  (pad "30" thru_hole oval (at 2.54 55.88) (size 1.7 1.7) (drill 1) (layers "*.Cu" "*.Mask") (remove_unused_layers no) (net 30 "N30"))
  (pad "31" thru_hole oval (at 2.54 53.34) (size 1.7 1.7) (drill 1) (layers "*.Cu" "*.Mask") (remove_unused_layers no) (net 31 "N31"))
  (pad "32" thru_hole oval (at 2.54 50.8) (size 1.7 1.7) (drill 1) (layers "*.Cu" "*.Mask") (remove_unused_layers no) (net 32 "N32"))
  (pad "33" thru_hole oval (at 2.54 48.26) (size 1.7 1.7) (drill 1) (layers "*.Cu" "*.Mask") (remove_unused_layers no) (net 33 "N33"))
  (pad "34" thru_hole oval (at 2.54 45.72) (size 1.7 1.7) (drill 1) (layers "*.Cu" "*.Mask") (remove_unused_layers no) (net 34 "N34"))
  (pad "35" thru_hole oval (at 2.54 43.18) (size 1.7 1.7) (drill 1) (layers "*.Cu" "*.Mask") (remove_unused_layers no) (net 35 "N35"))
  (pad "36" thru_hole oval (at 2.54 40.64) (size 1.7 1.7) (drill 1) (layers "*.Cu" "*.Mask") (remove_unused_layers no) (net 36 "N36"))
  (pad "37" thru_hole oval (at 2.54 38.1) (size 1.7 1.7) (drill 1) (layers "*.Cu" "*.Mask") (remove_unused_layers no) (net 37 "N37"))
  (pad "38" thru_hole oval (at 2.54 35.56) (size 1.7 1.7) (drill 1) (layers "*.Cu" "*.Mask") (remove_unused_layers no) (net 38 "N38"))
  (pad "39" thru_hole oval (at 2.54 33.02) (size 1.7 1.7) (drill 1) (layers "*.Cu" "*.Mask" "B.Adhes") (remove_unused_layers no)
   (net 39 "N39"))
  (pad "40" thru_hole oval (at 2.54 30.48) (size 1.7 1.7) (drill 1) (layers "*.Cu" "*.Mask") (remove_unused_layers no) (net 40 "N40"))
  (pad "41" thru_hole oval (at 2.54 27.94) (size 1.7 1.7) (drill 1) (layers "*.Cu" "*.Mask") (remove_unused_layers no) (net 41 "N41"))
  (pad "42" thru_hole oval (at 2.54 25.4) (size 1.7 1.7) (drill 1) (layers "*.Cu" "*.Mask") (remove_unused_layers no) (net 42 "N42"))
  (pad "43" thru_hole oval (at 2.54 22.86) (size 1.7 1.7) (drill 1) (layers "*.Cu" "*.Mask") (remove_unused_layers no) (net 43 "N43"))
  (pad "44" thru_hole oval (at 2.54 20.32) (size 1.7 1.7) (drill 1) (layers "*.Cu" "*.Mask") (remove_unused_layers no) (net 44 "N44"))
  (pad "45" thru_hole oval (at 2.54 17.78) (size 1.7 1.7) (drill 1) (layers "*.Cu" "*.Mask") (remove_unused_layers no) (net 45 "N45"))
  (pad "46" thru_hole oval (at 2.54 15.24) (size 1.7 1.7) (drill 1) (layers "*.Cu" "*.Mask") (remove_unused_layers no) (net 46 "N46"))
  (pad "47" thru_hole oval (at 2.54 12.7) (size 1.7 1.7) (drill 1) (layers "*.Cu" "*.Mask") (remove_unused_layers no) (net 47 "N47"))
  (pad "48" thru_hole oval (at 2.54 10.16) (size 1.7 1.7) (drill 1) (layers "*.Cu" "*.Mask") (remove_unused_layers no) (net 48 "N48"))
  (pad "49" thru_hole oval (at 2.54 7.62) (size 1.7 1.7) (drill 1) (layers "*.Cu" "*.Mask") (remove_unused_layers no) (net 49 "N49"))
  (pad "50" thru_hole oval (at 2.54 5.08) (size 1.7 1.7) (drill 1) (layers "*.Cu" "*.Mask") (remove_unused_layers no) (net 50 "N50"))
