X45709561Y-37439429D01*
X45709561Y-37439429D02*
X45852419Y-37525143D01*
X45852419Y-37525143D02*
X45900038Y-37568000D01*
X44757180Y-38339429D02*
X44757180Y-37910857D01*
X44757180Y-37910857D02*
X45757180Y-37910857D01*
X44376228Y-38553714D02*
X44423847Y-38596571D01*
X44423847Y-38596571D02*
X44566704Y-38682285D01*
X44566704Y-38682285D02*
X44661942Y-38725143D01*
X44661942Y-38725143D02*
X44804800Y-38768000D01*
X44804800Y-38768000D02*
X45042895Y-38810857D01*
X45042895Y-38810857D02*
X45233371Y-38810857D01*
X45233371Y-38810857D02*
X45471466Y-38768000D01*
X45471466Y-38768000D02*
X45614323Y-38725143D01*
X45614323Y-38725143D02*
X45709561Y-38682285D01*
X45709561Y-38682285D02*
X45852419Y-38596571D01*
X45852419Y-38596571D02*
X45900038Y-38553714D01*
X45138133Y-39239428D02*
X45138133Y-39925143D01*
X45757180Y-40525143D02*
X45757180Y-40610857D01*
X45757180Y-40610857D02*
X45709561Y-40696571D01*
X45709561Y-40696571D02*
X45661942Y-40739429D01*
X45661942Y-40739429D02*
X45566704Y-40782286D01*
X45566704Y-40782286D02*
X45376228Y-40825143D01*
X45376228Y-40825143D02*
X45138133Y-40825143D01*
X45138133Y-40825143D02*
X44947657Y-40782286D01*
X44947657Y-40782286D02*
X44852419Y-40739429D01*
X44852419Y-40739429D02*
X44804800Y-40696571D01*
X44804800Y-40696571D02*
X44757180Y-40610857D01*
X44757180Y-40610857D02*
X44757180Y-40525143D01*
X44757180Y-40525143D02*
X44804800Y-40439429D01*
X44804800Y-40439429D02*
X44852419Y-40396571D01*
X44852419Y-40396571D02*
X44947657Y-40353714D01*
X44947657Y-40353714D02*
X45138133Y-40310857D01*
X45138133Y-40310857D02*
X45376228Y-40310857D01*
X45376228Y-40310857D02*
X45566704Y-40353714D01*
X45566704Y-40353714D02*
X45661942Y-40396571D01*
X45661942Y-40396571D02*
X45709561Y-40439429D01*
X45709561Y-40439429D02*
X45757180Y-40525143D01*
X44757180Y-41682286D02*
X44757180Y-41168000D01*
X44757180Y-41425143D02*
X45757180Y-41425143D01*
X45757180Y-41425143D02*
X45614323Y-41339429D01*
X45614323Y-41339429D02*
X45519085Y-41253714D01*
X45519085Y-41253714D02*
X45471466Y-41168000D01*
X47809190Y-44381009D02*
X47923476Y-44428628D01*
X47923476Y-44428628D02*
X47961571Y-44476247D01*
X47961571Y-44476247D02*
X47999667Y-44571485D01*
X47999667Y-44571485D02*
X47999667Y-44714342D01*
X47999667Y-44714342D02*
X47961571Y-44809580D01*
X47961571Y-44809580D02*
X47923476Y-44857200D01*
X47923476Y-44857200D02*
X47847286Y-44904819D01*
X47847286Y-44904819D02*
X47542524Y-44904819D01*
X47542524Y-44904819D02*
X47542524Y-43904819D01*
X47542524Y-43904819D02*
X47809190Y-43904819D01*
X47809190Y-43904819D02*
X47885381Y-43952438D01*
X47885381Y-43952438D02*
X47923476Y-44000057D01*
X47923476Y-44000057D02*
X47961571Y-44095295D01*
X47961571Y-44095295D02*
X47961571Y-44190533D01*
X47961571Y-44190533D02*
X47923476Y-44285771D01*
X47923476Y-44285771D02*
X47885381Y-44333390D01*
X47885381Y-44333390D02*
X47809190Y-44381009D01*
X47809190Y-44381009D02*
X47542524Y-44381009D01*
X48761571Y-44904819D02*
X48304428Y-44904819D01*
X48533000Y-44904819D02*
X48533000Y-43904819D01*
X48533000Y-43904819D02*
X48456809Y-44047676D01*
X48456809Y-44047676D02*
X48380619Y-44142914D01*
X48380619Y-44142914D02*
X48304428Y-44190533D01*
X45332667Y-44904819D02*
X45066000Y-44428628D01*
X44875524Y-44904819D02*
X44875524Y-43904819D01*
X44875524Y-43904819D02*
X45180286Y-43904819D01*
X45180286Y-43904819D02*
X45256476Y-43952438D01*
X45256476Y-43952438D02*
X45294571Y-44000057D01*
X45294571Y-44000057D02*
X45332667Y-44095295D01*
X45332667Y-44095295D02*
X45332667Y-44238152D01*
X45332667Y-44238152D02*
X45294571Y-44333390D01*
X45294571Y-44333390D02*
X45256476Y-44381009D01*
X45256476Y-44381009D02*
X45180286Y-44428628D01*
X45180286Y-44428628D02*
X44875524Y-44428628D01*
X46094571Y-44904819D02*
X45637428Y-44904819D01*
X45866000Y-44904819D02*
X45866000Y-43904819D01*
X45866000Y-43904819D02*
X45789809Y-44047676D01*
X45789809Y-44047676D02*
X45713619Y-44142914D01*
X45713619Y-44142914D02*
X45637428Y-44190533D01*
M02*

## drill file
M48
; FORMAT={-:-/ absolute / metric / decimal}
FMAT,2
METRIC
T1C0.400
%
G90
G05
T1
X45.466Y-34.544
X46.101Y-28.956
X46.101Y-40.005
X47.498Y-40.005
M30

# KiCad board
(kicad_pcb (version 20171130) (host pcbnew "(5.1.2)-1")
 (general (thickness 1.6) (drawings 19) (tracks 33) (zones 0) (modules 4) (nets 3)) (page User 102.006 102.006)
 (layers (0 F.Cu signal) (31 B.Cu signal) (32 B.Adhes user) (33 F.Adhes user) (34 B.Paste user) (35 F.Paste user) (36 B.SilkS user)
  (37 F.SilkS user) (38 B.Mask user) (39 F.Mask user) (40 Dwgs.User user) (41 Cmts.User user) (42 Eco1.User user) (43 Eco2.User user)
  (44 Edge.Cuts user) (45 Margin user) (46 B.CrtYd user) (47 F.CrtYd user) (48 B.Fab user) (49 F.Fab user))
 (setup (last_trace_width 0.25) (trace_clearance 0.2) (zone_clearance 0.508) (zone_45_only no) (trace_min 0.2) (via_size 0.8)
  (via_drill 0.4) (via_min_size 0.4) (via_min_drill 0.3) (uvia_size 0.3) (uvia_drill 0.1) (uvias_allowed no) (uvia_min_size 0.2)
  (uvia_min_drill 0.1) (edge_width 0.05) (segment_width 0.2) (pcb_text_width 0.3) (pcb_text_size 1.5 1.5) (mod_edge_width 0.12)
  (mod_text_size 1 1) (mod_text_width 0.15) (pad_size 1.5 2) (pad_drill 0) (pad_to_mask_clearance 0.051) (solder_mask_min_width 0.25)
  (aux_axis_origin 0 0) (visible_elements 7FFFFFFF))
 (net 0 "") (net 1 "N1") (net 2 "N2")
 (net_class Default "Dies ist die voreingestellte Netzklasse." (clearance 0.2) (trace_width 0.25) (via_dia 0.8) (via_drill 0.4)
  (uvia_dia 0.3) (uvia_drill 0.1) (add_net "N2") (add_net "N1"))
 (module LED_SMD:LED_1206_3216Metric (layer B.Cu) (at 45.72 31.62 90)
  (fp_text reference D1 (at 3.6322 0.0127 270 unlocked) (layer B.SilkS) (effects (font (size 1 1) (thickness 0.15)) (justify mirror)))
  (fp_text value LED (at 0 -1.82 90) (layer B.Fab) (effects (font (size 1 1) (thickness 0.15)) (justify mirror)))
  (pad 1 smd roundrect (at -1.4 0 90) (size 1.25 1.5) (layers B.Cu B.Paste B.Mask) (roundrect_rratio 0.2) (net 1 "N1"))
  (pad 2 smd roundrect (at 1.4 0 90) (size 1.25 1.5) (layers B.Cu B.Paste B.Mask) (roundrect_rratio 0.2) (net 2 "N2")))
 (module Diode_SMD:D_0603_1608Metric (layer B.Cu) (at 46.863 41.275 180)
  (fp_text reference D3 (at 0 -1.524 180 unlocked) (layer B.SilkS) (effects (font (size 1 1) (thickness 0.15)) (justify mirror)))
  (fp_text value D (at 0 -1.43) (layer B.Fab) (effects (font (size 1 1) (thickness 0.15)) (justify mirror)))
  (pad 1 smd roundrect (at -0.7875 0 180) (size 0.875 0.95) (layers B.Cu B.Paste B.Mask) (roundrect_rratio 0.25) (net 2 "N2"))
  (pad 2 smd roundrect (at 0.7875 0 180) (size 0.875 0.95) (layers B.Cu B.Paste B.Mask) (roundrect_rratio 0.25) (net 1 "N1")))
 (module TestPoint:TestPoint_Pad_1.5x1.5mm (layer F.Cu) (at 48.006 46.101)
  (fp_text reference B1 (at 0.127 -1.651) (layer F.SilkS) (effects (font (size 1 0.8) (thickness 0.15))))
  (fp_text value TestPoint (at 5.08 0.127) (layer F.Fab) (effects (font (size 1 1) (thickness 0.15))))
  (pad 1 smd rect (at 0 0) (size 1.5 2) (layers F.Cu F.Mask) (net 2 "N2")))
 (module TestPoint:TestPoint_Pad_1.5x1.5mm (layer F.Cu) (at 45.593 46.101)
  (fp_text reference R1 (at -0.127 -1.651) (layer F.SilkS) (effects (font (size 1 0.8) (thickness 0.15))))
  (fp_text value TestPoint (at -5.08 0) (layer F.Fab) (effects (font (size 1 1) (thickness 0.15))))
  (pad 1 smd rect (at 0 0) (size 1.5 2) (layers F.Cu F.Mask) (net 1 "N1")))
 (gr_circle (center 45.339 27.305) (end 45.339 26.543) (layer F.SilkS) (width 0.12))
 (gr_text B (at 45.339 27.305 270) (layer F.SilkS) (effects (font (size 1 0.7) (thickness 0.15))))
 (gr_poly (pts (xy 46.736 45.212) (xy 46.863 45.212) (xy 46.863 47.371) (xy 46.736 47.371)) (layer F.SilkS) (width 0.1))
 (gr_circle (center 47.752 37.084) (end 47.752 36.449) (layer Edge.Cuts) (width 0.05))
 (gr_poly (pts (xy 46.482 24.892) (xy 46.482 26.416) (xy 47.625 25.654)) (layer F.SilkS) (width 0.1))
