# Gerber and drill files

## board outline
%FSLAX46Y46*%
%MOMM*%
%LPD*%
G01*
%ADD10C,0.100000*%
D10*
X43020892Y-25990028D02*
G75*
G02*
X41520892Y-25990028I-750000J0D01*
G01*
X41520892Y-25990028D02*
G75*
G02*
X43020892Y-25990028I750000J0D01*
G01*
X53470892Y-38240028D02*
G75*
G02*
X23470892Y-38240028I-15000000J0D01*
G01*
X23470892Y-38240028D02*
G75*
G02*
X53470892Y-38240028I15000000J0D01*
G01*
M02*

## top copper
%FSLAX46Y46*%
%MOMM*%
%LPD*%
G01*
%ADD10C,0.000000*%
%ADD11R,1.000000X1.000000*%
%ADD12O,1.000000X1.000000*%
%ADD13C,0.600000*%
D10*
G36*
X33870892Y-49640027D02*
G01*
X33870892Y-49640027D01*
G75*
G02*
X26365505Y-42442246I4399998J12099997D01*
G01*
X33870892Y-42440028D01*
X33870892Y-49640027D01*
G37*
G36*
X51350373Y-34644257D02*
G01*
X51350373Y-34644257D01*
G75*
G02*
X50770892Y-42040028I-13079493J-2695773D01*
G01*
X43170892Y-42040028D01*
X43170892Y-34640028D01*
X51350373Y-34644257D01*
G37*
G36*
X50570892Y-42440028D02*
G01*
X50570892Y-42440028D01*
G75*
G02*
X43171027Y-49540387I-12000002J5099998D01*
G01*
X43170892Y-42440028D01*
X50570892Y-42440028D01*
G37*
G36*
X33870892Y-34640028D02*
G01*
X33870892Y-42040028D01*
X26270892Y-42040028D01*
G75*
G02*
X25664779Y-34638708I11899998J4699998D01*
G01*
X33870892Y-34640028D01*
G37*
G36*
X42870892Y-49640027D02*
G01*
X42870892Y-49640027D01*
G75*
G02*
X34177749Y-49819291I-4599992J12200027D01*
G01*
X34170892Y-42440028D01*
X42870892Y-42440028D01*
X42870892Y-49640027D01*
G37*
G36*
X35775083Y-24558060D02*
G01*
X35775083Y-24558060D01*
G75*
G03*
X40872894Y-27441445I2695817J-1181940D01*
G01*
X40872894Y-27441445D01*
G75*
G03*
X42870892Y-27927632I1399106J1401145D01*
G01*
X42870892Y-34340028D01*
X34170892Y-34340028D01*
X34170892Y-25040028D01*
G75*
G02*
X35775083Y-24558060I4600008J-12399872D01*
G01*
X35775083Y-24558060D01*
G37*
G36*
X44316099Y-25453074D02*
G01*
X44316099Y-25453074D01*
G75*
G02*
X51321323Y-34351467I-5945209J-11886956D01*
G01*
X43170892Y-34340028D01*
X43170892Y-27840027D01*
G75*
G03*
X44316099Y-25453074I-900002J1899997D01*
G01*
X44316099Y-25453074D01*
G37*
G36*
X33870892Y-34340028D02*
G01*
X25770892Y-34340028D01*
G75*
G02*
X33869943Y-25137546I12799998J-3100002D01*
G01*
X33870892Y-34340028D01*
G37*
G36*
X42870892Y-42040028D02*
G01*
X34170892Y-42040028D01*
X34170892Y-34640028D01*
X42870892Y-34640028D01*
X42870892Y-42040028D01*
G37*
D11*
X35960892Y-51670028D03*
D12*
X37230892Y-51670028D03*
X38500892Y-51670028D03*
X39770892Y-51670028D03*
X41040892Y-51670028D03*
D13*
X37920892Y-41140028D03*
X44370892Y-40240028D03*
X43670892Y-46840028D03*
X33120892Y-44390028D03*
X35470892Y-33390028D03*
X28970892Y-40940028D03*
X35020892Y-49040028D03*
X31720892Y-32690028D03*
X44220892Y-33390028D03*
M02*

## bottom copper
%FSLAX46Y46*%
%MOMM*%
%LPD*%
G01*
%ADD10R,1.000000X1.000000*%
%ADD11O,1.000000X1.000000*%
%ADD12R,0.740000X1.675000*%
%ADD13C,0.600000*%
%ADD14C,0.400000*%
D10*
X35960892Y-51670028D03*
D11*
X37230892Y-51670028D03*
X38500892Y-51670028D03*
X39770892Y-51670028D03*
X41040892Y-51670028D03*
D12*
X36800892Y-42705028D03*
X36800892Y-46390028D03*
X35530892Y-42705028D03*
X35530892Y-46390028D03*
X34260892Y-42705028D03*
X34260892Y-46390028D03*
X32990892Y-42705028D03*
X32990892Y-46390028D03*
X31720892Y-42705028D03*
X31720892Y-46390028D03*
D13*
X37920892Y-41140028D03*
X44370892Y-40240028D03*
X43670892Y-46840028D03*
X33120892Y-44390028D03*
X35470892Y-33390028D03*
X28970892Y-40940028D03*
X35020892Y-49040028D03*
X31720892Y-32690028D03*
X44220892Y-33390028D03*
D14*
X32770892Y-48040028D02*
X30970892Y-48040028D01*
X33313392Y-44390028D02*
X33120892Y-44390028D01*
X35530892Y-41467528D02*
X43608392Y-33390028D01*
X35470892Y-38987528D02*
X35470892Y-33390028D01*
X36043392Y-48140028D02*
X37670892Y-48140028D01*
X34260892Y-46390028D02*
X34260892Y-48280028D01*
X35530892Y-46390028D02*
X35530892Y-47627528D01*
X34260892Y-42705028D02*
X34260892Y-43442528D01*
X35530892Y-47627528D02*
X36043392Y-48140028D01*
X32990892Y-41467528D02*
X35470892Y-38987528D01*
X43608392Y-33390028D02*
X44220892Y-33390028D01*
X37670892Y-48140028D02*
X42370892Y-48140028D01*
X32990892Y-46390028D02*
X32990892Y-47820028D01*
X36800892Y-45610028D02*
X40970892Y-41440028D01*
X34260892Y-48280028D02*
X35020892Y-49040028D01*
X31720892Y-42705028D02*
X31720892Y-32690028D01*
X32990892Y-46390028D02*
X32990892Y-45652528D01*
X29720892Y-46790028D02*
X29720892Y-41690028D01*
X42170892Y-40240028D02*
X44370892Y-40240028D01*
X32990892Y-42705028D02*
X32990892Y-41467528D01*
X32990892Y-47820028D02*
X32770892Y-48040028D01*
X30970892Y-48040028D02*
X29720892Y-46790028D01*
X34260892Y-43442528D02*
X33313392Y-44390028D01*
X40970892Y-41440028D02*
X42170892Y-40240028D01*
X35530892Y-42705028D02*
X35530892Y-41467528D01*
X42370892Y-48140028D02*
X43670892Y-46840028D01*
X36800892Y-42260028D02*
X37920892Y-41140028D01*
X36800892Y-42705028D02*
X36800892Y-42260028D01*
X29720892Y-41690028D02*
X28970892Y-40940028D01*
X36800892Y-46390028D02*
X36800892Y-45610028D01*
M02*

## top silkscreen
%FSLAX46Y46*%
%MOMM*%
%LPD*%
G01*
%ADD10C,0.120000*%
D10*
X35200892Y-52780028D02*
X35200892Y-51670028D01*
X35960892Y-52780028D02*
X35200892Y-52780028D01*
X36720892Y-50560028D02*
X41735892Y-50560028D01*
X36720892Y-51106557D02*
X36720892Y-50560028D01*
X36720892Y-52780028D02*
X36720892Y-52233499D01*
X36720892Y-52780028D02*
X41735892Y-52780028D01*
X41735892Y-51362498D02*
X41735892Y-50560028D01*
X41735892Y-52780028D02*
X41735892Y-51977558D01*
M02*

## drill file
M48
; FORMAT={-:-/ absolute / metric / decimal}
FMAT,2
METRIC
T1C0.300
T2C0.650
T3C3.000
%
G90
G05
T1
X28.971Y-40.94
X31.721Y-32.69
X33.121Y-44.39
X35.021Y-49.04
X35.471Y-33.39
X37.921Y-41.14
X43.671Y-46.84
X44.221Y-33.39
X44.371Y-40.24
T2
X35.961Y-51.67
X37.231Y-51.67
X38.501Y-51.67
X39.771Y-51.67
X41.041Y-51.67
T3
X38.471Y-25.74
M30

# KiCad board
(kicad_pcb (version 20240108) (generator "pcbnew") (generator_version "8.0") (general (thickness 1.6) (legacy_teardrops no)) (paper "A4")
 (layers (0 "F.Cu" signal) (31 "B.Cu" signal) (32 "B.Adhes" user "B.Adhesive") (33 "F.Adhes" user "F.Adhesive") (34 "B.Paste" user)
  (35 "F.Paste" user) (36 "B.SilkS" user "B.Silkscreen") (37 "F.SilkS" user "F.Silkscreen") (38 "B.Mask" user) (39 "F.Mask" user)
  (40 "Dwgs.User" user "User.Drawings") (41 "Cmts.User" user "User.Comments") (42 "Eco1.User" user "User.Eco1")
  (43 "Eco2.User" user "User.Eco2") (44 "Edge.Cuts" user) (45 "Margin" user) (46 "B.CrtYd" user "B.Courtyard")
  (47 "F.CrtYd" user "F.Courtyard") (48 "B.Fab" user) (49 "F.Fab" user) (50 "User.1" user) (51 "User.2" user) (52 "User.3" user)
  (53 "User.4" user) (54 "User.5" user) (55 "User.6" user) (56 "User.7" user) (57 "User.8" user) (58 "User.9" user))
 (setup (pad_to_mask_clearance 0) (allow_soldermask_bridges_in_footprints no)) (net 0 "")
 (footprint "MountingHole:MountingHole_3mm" (layer "F.Cu") (at 38.470892 25.740028)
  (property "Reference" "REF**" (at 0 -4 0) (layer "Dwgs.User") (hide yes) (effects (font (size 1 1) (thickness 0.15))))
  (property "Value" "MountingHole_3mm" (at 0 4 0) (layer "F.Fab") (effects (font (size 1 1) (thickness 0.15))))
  (pad "" np_thru_hole circle (at 0 0) (size 3 3) (drill 3) (layers "*.Cu" "*.Mask")))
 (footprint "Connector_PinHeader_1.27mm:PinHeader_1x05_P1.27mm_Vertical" (layer "F.Cu") (at 35.960892 51.670028 90)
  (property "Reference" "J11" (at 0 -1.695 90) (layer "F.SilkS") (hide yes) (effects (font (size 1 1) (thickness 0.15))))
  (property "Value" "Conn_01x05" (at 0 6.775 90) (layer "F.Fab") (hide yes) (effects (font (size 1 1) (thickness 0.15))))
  (fp_line (start -1.11 -0.76) (end 0 -0.76) (stroke (width 0.12) (type solid)) (layer "F.SilkS"))
  (fp_line (start -1.11 0) (end -1.11 -0.76) (stroke (width 0.12) (type solid)) (layer "F.SilkS"))
  (fp_line (start 1.11 0.76) (end 1.11 5.775) (stroke (width 0.12) (type solid)) (layer "F.SilkS"))
  (fp_line (start 0.563471 0.76) (end 1.11 0.76) (stroke (width 0.12) (type solid)) (layer "F.SilkS"))
  (fp_line (start -1.11 0.76) (end -0.563471 0.76) (stroke (width 0.12) (type solid)) (layer "F.SilkS"))
  (fp_line (start -1.11 0.76) (end -1.11 5.775) (stroke (width 0.12) (type solid)) (layer "F.SilkS"))
  (fp_line (start 0.30753 5.775) (end 1.11 5.775) (stroke (width 0.12) (type solid)) (layer "F.SilkS"))
  (fp_line (start -1.11 5.775) (end -0.30753 5.775) (stroke (width 0.12) (type solid)) (layer "F.SilkS"))
  (pad "1" thru_hole rect (at 0 0 90) (size 1 1) (drill 0.65) (layers "*.Cu" "*.Mask") (remove_unused_layers no))
  (pad "2" thru_hole oval (at 0 1.27 90) (size 1 1) (drill 0.65) (layers "*.Cu" "*.Mask") (remove_unused_layers no))
  (pad "3" thru_hole oval (at 0 2.54 90) (size 1 1) (drill 0.65) (layers "*.Cu" "*.Mask") (remove_unused_layers no))
  (pad "4" thru_hole oval (at 0 3.81 90) (size 1 1) (drill 0.65) (layers "*.Cu" "*.Mask") (remove_unused_layers no))
  (pad "5" thru_hole oval (at 0 5.08 90) (size 1 1) (drill 0.65) (layers "*.Cu" "*.Mask") (remove_unused_layers no)))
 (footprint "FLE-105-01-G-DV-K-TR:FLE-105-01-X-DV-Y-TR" (layer "B.Cu") (at 34.260892 44.547528 180)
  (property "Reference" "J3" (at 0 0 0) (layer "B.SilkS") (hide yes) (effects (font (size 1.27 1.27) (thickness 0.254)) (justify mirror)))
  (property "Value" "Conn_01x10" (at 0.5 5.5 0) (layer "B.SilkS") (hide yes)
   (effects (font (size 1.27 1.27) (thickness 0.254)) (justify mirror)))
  (pad "1" smd rect (at -2.54 1.8425 180) (size 0.74 1.675) (layers "B.Cu" "B.Paste" "B.Mask"))
  (pad "2" smd rect (at -2.54 -1.8425 180) (size 0.74 1.675) (layers "B.Cu" "B.Paste" "B.Mask"))
  (pad "3" smd rect (at -1.27 1.8425 180) (size 0.74 1.675) (layers "B.Cu" "B.Paste" "B.Mask"))
  (pad "4" smd rect (at -1.27 -1.8425 180) (size 0.74 1.675) (layers "B.Cu" "B.Paste" "B.Mask"))
  (pad "5" smd rect (at 0 1.8425 180) (size 0.74 1.675) (layers "B.Cu" "B.Paste" "B.Mask"))
  (pad "6" smd rect (at 0 -1.8425 180) (size 0.74 1.675) (layers "B.Cu" "B.Paste" "B.Mask"))
  (pad "7" smd rect (at 1.27 1.8425 180) (size 0.74 1.675) (layers "B.Cu" "B.Paste" "B.Mask"))
  (pad "8" smd rect (at 1.27 -1.8425 180) (size 0.74 1.675) (layers "B.Cu" "B.Paste" "B.Mask"))
  (pad "9" smd rect (at 2.54 1.8425 180) (size 0.74 1.675) (layers "B.Cu" "B.Paste" "B.Mask"))
  (pad "10" smd rect (at 2.54 -1.8425 180) (size 0.74 1.675) (layers "B.Cu" "B.Paste" "B.Mask")))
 (gr_poly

:::::

● **Work required**:
Here the job is to transcribe the lines from the first line of the data through the line containing "(at 2.54 27.94)", inclusive, exactly and with nothing else.

● **Completed task**:
  (pad "30" thru_hole oval (at 2.54 55.88) (size 1.7 1.7) (drill 1) (layers "*.Cu" "*.Mask") (remove_unused_layers no) (net 30 "N30"))
  (pad "31" thru_hole oval (at 2.54 53.34) (size 1.7 1.7) (drill 1) (layers "*.Cu" "*.Mask") (remove_unused_layers no) (net 31 "N31"))
  (pad "32" thru_hole oval (at 2.54 50.8) (size 1.7 1.7) (drill 1) (layers "*.Cu" "*.Mask") (remove_unused_layers no) (net 32 "N32"))
  (pad "33" thru_hole oval (at 2.54 48.26) (size 1.7 1.7) (drill 1) (layers "*.Cu" "*.Mask") (remove_unused_layers no) (net 33 "N33"))
  (pad "34" thru_hole oval (at 2.54 45.72) (size 1.7 1.7) (drill 1) (layers "*.Cu" "*.Mask") (remove_unused_layers no) (net 34 "N34"))
  (pad "35" thru_hole oval (at 2.54 43.18) (size 1.7 1.7) (drill 1) (layers "*.Cu" "*.Mask") (remove_unused_layers no) (net 35 "N35"))
  (pad "36" thru_hole oval (at 2.54 40.64) (size 1.7 1.7) (drill 1) (layers "*.Cu" "*.Mask") (remove_unused_layers no) (net 36 "N36"))
  (pad "37" thru_hole oval (at 2.54 38.1) (size 1.7 1.7) (drill 1) (layers "*.Cu" "*.Mask") (remove_unused_layers no) (net 37 "N37"))
  (pad "38" thru_hole oval (at 2.54 35.56) (size 1.7 1.7) (drill 1) (layers "*.Cu" "*.Mask") (remove_unused_layers no) (net 38 "N38"))
  (pad "39" thru_hole oval (at 2.54 33.02) (size 1.7 1.7) (drill 1) (layers "*.Cu" "*.Mask" "B.Adhes") (remove_unused_layers no)
   (net 39 "N39"))
  (pad "40" thru_hole oval (at 2.54 30.48) (size 1.7 1.7) (drill 1) (layers "*.Cu" "*.Mask") (remove_unused_layers no) (net 40 "N40"))
  (pad "41" thru_hole oval (at 2.54 27.94) (size 1.7 1.7) (drill 1) (layers "*.Cu" "*.Mask") (remove_unused_layers no) (net 41 "N41"))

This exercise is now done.